To summarize the difference between global and auto mode:

  1. Default route:
  • Global: VPN tunnel
  • Auto: Parse “wireguard.conf” file for “wgclient” and parse OpenVPN server push option for “ovpnclient”
  1. Firewall LAN-WAN forward:
  • Global: Not allowed by default
  • Auto: Allowed by default
  1. DNS:
  • Global: VPN DNS server
  • Auto: WAN DNS server

Therefore, auto mode is more advanced than global proxy. Global being the default mode should meet most use cases.

Very helpful, thanks. I guess it depends on how you write the up script, whether the routes are handled inside or outside the script. I’ll dig into it.

For both firewall and dns, these could still be changed in Auto?

I agree for most Global will be desired, as when you are at an insecure site. But when you are at a secure site, you may want to split-tunnel, depending on speeds. In the US, most homes are still served by asymmetric connections (cable companies seem to use 100/10, 25/1, etc). So sending internet traffic over the tunnel to a home openvpn server comes at a huge speed cost with no security benefit. Even where you have symmetric speeds, the home server may not take advantage of speeds over 200/200 because (i) home routers typically use tricks to accelerate processing that are disabled with the openvpn server active and (ii) just the encryption/decryption horsepower required with no real security benefit.

I know now where to look.

1 Like

Deleting route-noexec makes the push/pull filter ignore work as expected.

I’m thinking the “auto detect” option should, comprehensively, return control over the connection to the server/client configurations for all possible configurations, without gl-inet intervention.

Is this supposed to work or not work with router in wifi repeater mode???

Remote is a Brume2. Direct wireguard connection from IOS works properly. But mobile data bandwidth is very low.

Rented apartment only has wifi. Wifi repeater work fine for internet. VPN wireguard client says it connects, but local wifi clients lose access to internet and have no access to remote LAN. IOS wireguard over wifi repeater also fails access to LAN.

Have played with all the settings mentioned here but they seem to make no difference.

Remote and Local just upgraded to latest firmware.

The original post only describe the issue to access remote LAN, not Internet.

If you have problem accessing Internet, it should be a different issue.

Internet is working with current settings.
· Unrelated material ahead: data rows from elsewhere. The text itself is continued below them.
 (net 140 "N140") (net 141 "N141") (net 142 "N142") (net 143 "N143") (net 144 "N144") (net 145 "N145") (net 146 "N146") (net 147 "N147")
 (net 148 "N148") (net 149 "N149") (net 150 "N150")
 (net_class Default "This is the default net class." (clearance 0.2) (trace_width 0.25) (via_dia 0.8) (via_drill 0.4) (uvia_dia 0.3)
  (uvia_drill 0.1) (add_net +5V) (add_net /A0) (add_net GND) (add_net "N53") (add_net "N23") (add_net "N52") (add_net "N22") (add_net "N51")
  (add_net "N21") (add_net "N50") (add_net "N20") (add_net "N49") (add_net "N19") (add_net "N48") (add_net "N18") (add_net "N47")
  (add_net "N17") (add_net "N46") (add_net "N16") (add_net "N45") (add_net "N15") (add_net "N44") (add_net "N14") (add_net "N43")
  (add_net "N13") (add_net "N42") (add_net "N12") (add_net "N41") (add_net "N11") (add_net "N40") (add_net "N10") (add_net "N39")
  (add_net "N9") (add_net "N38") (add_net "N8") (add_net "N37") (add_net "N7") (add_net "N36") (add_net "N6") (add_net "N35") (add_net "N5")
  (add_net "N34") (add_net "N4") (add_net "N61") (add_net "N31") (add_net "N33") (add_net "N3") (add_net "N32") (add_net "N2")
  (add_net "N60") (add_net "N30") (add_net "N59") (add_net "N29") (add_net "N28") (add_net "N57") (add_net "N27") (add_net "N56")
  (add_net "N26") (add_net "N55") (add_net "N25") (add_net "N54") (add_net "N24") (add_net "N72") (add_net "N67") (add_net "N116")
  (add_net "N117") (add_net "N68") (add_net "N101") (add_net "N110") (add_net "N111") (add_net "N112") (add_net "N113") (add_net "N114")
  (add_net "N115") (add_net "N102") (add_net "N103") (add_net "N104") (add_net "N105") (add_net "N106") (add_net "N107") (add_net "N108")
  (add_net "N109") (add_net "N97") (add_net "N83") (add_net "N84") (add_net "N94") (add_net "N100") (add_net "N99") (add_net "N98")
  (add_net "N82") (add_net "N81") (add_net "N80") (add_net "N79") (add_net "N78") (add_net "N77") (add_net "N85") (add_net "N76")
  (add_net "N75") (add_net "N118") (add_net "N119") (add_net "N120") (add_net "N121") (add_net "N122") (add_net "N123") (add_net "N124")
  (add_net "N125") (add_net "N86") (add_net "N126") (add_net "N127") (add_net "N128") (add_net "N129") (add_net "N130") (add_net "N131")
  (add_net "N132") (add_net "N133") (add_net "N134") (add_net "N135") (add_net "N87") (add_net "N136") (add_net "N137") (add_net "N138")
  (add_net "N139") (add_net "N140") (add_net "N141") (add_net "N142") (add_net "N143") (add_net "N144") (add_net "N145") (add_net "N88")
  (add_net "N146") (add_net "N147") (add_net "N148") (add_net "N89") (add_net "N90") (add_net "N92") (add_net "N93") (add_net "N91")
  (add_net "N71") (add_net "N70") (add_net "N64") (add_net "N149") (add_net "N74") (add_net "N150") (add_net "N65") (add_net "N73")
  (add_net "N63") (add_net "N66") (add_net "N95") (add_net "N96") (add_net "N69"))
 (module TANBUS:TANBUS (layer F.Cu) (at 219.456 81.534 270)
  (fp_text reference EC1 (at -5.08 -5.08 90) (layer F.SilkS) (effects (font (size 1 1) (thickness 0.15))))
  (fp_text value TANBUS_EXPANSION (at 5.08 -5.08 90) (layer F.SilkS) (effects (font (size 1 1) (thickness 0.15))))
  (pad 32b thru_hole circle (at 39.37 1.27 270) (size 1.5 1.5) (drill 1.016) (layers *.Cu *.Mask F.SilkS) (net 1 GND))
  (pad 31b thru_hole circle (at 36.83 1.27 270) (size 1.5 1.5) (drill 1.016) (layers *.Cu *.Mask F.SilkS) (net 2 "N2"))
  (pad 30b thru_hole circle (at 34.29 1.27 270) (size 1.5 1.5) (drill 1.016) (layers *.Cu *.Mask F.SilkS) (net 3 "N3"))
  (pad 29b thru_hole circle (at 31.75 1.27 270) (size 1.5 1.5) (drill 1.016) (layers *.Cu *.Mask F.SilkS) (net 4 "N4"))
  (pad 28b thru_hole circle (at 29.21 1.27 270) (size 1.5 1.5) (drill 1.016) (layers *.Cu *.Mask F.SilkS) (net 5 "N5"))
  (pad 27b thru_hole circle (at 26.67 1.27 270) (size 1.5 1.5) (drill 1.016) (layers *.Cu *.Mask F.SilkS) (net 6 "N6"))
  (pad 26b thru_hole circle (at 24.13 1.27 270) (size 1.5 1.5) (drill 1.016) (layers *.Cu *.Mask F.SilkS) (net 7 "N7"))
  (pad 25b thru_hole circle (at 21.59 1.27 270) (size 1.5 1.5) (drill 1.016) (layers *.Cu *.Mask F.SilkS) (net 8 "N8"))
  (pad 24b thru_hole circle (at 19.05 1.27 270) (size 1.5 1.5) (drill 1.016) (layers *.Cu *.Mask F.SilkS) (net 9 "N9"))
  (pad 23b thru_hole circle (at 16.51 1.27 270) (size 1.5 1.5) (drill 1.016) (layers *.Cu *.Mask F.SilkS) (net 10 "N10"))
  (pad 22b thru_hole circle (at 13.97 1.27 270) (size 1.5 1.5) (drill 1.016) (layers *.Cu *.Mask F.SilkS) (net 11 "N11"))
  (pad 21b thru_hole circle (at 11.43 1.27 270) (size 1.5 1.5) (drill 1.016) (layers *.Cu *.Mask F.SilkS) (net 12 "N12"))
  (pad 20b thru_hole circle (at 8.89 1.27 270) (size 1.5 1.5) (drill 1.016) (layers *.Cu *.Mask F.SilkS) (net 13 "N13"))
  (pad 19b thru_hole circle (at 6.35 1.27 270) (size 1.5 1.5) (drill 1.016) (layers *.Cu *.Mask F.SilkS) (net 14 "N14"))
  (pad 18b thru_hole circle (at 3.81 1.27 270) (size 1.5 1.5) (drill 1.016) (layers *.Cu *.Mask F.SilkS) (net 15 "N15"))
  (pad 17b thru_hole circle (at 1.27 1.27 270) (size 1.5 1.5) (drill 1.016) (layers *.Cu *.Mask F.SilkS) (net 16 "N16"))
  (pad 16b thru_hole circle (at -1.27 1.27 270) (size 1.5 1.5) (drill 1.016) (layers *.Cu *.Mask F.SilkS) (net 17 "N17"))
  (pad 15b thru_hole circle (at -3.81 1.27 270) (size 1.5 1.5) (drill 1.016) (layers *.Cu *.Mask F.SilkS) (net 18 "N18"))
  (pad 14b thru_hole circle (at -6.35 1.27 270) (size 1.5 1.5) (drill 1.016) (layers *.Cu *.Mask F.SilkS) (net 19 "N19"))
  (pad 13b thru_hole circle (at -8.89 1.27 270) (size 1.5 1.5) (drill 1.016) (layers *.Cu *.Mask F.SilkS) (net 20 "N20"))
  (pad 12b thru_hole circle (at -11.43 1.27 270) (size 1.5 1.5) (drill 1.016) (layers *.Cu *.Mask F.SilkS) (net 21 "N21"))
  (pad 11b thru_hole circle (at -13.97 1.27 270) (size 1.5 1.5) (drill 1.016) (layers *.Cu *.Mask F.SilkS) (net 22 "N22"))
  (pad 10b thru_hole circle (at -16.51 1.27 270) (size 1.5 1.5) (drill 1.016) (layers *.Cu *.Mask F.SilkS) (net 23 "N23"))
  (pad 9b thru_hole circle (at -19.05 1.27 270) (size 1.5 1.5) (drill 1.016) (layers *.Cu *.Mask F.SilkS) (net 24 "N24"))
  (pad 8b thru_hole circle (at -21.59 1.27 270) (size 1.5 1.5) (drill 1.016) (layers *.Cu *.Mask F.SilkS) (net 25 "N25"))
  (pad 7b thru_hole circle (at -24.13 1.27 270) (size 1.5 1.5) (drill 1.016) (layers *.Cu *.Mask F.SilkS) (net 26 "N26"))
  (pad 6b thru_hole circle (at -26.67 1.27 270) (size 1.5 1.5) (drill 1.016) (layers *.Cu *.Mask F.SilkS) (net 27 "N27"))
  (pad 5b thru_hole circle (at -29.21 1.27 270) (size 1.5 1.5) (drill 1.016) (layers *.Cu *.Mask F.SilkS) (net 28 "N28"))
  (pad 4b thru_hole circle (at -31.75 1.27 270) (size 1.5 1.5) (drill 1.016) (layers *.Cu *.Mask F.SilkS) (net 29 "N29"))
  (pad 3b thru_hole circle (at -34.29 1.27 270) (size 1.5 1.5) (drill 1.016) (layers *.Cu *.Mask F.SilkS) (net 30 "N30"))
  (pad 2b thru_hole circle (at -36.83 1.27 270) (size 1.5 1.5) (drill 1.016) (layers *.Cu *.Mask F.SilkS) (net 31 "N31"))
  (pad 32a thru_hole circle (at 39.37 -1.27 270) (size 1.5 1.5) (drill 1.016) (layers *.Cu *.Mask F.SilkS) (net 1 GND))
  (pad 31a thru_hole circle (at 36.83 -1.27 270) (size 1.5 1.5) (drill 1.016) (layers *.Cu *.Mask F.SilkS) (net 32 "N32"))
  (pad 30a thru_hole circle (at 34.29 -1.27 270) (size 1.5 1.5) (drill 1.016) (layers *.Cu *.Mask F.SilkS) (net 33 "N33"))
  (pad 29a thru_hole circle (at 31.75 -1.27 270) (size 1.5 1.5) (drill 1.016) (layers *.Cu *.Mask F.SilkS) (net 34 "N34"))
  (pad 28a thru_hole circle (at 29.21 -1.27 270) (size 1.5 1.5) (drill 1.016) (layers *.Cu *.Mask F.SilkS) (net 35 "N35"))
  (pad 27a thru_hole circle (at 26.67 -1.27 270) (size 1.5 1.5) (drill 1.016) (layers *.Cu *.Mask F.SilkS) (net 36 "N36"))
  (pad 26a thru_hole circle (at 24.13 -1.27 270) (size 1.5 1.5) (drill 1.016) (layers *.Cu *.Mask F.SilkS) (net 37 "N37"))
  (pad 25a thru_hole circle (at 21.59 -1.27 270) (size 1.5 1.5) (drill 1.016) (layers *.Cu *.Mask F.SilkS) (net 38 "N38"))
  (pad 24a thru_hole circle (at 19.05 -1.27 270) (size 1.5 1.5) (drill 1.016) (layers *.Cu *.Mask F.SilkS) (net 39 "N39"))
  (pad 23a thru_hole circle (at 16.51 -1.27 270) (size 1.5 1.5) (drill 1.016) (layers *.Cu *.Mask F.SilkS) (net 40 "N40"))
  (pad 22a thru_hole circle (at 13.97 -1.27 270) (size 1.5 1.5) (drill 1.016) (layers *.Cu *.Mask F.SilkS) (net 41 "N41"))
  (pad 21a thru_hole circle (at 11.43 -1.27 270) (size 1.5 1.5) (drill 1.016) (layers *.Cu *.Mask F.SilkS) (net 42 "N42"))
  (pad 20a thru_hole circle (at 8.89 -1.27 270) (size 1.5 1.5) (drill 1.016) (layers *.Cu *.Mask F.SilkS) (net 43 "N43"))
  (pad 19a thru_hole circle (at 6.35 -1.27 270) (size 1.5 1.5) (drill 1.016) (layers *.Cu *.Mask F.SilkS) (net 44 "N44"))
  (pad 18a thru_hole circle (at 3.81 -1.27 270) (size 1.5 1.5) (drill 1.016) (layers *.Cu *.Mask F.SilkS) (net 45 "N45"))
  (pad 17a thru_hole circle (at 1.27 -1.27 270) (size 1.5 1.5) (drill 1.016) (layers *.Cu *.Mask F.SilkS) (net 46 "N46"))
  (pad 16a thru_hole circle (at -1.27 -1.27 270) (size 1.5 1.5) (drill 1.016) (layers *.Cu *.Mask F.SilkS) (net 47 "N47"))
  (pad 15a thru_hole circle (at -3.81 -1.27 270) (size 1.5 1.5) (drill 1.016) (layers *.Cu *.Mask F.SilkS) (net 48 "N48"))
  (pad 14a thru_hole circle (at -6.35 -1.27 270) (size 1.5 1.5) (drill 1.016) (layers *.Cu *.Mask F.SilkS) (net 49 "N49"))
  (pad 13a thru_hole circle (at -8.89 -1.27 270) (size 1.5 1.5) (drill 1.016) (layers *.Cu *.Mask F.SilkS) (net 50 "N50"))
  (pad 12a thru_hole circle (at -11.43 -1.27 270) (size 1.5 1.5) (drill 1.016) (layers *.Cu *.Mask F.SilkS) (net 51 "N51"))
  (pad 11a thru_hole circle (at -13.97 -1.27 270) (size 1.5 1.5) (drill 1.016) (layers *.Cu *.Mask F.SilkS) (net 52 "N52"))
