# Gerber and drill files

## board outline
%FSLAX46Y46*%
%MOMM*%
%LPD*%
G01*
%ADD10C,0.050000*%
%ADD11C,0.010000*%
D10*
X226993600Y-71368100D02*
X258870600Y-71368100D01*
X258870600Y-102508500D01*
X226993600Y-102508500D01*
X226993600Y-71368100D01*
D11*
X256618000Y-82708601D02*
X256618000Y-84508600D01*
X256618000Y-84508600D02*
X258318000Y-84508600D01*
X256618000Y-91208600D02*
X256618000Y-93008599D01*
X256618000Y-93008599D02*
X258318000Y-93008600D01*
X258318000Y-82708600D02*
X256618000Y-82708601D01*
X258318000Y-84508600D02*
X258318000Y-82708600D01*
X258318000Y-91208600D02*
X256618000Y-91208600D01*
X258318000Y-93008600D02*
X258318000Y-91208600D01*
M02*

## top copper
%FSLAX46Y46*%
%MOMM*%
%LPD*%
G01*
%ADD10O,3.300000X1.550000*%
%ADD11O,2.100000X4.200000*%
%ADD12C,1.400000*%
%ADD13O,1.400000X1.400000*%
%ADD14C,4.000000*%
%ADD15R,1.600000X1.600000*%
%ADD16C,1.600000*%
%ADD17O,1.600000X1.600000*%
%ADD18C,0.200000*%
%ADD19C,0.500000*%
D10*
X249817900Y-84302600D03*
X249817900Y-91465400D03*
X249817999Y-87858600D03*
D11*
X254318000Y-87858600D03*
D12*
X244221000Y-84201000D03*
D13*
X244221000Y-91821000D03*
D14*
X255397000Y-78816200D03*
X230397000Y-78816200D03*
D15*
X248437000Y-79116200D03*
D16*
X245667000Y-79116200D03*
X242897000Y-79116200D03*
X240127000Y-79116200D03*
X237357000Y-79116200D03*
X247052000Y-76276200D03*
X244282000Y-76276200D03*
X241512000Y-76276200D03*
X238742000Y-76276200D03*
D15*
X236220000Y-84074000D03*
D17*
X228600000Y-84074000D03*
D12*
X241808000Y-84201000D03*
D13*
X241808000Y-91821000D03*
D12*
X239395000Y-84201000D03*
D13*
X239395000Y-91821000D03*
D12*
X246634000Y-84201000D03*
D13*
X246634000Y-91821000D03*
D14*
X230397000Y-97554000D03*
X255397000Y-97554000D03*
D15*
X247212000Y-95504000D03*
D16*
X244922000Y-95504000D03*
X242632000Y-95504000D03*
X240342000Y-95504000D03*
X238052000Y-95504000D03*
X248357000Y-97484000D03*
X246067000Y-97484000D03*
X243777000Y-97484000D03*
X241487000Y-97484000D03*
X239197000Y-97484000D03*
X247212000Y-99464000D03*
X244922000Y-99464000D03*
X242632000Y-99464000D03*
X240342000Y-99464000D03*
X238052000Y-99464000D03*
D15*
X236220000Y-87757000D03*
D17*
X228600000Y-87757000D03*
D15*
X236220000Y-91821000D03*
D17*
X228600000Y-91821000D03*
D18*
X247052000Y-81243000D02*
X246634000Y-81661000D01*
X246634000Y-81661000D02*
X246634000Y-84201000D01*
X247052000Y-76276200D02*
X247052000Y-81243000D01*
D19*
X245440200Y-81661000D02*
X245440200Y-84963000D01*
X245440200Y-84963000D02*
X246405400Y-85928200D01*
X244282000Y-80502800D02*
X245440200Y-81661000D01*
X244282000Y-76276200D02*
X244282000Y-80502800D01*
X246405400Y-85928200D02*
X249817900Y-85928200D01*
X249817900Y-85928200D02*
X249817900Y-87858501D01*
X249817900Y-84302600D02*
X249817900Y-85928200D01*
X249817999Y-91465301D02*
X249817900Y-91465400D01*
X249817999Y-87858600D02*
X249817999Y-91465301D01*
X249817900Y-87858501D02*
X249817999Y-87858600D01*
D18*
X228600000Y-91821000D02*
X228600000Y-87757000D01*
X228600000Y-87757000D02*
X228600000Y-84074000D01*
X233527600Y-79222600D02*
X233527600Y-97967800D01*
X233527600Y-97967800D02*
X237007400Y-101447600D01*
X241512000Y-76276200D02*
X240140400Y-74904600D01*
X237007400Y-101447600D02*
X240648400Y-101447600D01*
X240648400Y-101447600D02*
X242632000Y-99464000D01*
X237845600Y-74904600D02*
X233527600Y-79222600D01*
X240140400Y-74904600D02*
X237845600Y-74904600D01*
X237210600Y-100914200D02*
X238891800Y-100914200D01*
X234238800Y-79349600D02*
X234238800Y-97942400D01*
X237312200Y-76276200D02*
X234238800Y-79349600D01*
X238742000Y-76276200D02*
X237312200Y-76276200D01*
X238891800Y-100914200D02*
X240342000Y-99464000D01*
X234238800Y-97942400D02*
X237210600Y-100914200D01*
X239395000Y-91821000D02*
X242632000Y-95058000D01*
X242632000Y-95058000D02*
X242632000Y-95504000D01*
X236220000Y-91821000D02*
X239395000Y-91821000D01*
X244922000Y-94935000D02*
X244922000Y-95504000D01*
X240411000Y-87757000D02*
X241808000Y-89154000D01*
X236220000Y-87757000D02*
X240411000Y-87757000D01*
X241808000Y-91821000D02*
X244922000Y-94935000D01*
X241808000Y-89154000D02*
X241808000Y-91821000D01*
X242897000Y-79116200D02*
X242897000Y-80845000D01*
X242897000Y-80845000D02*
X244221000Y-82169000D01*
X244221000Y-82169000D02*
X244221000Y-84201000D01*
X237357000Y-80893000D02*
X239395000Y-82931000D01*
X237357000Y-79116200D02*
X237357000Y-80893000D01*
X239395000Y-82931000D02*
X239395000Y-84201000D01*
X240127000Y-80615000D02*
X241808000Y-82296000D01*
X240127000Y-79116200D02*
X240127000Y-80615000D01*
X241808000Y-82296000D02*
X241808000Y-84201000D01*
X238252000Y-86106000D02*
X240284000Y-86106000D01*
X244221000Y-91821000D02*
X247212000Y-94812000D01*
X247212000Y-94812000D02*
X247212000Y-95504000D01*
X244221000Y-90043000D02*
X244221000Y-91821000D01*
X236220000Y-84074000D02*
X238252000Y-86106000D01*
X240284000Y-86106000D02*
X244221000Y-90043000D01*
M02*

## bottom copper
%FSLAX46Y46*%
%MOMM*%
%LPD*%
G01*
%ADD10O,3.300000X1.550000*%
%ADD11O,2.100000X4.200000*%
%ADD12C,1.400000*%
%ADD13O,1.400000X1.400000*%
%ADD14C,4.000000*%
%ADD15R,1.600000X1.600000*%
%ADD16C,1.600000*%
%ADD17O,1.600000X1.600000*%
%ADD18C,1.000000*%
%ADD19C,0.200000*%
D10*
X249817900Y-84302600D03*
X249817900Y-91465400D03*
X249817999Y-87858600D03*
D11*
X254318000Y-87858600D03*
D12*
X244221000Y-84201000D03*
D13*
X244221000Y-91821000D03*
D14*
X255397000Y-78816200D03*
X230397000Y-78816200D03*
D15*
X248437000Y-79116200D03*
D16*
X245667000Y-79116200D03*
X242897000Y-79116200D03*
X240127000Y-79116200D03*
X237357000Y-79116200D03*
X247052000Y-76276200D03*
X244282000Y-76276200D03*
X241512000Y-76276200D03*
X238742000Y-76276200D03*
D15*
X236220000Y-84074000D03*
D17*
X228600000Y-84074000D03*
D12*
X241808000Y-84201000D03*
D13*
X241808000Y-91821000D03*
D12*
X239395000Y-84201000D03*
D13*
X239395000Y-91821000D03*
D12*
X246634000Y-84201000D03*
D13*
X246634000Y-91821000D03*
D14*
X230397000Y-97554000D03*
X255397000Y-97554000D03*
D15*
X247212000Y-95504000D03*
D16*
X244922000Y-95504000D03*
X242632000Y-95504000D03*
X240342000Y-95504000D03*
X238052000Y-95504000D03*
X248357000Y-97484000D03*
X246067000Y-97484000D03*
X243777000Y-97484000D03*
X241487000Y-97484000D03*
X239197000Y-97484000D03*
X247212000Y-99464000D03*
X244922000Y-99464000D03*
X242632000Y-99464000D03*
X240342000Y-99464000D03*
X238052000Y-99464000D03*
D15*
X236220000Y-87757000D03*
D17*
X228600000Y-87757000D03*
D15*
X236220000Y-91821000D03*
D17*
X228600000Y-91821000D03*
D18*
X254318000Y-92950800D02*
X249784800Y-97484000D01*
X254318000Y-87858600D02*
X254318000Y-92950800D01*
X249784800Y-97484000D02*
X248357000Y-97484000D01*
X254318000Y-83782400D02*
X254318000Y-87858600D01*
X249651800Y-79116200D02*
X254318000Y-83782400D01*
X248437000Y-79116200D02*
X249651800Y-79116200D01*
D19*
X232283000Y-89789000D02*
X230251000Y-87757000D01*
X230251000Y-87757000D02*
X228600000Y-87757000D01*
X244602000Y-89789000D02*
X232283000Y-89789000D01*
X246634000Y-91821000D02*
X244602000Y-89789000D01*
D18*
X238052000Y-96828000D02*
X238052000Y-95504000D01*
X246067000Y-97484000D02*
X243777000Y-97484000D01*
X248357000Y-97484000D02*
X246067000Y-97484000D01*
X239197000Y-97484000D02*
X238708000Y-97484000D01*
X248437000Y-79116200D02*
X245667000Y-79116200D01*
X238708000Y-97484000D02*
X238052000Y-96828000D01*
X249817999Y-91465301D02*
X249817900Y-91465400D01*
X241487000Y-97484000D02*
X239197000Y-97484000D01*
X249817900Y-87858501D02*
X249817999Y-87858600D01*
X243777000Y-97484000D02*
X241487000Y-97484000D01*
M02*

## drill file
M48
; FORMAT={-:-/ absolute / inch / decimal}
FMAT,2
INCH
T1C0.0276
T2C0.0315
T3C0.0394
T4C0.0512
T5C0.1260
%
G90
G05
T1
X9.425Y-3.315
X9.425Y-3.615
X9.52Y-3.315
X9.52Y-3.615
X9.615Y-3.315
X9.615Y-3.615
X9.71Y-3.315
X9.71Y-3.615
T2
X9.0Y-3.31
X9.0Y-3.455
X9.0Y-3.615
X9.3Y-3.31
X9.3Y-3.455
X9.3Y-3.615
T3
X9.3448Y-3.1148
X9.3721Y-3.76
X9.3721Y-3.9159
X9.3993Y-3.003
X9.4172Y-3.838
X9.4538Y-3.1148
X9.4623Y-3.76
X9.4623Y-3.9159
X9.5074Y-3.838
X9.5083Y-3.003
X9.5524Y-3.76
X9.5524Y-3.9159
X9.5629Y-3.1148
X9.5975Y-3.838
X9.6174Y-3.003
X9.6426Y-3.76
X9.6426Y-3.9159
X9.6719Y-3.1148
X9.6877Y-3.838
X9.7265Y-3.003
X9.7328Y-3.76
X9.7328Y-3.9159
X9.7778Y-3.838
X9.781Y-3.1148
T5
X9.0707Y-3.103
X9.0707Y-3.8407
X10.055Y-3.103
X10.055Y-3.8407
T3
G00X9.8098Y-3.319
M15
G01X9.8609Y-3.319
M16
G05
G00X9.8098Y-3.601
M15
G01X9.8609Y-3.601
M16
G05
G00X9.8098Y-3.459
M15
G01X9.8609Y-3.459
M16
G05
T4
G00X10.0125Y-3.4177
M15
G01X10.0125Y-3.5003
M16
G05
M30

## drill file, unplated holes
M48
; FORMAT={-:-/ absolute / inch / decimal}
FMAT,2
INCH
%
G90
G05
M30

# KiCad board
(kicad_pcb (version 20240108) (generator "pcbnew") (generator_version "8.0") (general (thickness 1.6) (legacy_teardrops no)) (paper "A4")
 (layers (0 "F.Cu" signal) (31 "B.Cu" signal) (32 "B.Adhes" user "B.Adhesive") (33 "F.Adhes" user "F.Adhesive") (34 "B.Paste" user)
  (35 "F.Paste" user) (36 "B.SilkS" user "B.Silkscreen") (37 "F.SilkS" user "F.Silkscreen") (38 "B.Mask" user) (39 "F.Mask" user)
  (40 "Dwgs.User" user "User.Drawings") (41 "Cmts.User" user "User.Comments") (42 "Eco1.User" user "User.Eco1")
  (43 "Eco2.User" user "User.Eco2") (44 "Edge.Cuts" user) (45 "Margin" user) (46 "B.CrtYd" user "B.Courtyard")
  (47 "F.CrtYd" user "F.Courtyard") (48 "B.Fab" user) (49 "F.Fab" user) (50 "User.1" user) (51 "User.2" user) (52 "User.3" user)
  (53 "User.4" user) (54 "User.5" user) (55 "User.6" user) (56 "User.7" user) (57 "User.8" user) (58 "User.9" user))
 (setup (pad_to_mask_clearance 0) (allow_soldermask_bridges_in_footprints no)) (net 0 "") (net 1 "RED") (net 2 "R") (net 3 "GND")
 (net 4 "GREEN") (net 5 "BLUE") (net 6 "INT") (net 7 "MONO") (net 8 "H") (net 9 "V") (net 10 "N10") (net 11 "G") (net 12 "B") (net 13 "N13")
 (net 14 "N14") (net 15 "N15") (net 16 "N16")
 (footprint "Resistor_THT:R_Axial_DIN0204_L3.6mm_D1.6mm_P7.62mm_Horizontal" (layer "F.Cu") (at 244.221 84.201 -90)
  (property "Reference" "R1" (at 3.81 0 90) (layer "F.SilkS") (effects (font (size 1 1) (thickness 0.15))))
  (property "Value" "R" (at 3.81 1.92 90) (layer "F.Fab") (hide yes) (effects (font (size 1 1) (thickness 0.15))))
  (pad "1" thru_hole circle (at 0 0 270) (size 1.4 1.4) (drill 0.7) (layers "*.Cu" "*.Mask") (remove_unused_layers no) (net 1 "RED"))
  (pad "2" thru_hole oval (at 7.62 0 270) (size 1.4 1.4) (drill 0.7) (layers "*.Cu" "*.Mask") (remove_unused_layers no) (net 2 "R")))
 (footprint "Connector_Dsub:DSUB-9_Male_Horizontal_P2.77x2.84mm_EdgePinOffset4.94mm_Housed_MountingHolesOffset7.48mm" (layer "F.Cu")
  (at 248.437 79.1162 180)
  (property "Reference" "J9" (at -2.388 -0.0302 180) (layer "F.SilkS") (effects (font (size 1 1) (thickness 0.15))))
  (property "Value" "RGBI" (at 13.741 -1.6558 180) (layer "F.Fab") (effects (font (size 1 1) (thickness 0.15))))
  (pad "0" thru_hole circle (at -6.96 0.3 180) (size 4 4) (drill 3.2) (layers "*.Cu" "*.Mask") (remove_unused_layers no))
  (pad "0" thru_hole circle (at 18.04 0.3 180) (size 4 4) (drill 3.2) (layers "*.Cu" "*.Mask") (remove_unused_layers no))
  (pad "1" thru_hole rect (at 0 0 180) (size 1.6 1.6) (drill 1) (layers "*.Cu" "*.Mask") (remove_unused_layers no) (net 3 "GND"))
  (pad "2" thru_hole circle (at 2.77 0 180) (size 1.6 1.6) (drill 1) (layers "*.Cu" "*.Mask") (remove_unused_layers no) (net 3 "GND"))
  (pad "3" thru_hole circle (at 5.54 0 180) (size 1.6 1.6) (drill 1) (layers "*.Cu" "*.Mask") (remove_unused_layers no) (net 1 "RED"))
  (pad "4" thru_hole circle (at 8.31 0 180) (size 1.6 1.6) (drill 1) (layers "*.Cu" "*.Mask") (remove_unused_layers no) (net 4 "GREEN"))
  (pad "5" thru_hole circle (at 11.08 0 180) (size 1.6 1.6) (drill 1) (layers "*.Cu" "*.Mask") (remove_unused_layers no) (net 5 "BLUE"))
  (pad "6" thru_hole circle (at 1.385 2.84 180) (size 1.6 1.6) (drill 1) (layers "*.Cu" "*.Mask") (remove_unused_layers no) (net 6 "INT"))
  (pad "7" thru_hole circle (at 4.155 2.84 180) (size 1.6 1.6) (drill 1) (layers "*.Cu" "*.Mask") (remove_unused_layers no) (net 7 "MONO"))
  (pad "8" thru_hole circle (at 6.925 2.84 180) (size 1.6 1.6) (drill 1) (layers "*.Cu" "*.Mask") (remove_unused_layers no) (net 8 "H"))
I’d suggest that you try the latest firmware. If still have the issue, you can use the solution in this post.

Have latest firmware on both ends 4.4.6 and “auto” proxy. If IP masquerading is turned off, then internet access stops for wifi client.

I’m guessing at this stage the problem is how the router manages multiple layers of identification.

Apparently Wireguard is happy to know one connection has one MAC address. Appears this is lost if i try to use IOS Wireguard over wifi via repeater.

MTU may be a problem on router wireguard client?? Seems to default to 1420 even if i delete it.